Thomas Jefferson Papers

From Thomas Jefferson to John Dickinson, 19 December 1801

To John Dickinson

Washington Dec. 19. 1801.

Dear Sir

The approbation of my antient friends, is, above all things, the most grateful to my heart. they know for what objects we relinquished the delights of domestic society, of tranquility & of science, & committed ourselves to the ocean of revolution, to wear out the only life god has given us here1 in scenes, the benefits of which will accrue only to those who follow us. surely we had in view to obtain the theory & practice of good government. and how any, who seemed so ardent in this pursuit, could so shamelessly have apostatised, and supposed we meant only to put our government into other hands, but not other forms, is indeed wonderful. the lesson we have had will probably be useful to the people at large, by shewing to them how capable they are of being made the instruments of their own bondage. a little more prudence & moderation in those who had mounted themselves on their fears, and it would have been long & difficult to unhorse them. their madness has done in three years what reason alone acting against them would not have effected in many; and the more as they might have gone on forming new entrenchments for themselves from year to year. my great anxiety at present is to avail ourselves of our ascendency to establish good principles, and good practices; to fortify republicanism behind as many barriers as possible; that the outworks may give time to rally & save the citadel should that be again in danger. on their part they have retired into the Judiciary as a strong hold. there the remains of federalism are to be preserved & fed from the treasury, and from that battery all the works of republicanism are to be beaten down & erased. by a fraudulent use of the constitution which has made judges irremoveable, they have multiplied useless judges merely2 to strengthen their phalanx.

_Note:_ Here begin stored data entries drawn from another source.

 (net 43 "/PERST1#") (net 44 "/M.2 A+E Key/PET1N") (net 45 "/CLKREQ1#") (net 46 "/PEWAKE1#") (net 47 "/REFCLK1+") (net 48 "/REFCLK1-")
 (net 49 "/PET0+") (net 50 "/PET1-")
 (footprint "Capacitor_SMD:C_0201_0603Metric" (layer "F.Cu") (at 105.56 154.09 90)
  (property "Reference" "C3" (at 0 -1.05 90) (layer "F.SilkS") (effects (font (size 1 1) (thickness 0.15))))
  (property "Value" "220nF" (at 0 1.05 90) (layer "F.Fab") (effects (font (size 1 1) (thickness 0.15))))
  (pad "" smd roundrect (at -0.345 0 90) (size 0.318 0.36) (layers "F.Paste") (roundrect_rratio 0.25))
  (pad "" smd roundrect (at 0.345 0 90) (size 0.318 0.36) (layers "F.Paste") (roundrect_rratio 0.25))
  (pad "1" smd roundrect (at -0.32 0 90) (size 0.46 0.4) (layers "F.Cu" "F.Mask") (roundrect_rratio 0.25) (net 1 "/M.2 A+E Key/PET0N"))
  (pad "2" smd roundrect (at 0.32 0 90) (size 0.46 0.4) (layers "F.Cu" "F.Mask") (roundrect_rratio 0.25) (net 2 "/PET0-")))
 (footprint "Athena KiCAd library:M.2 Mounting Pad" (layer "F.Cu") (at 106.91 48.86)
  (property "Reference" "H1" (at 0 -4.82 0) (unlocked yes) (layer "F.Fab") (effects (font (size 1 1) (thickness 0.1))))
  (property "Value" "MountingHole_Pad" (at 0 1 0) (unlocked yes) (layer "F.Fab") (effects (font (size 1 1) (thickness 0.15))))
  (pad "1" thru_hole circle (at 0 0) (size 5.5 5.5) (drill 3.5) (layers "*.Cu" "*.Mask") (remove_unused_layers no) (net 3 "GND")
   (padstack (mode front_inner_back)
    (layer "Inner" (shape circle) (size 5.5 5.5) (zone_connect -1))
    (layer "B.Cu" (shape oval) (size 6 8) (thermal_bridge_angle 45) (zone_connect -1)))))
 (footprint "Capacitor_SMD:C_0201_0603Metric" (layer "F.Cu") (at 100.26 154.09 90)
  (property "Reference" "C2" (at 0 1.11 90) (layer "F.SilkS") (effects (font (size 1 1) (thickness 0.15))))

You will perhaps have been alarmed, as some have been, at the proposition to abolish the whole of the internal taxes. but it is perfectly safe. they are under a million of dollars, and we can economise the government two or three millions a year. the impost alone gives us 10. or 11. millions annually, increasing at a compound ratio of 62/3 per cent per ann. & consequently doubling in 10. years. but leaving that increase for contingencies, the present amount will support the government, pay the interest of the public debt, and discharge the principal in 15. years. if the increase proceeds, and no contingencies demand it, it will pay off the principal in a shorter time. exactly one half of the public debt, to wit, 37. millions of dollars are owned in the US. that capital then will be set afloat to be employed in rescuing our commerce from the hands of foreigners, or in agriculture, canals, bridges, or other useful enterprizes. by suppressing at once the whole internal taxes we abolish three fourths of the offices now existing & spread over the land.3   seeing the interest you take in the public affairs, I have indulged myself in observations flowing from a sincere & ardent desire of seeing our affairs put into an honest & advantageous train. accept assurances of my constant & affectionate esteem & high respect.

Th: Jefferson

RC (PHi); torn, with several words supplied from PrC; addressed: “John Dickinson esq. Wilmington. Del.”; franked; postmarked 20 or 21 Dec.; endorsed by Dickinson. PrC (DLC). Recorded in SJL as a letter of 20 Dec.

1Word interlined.

2Word written over partially erased “and.”

3Sentence interlined.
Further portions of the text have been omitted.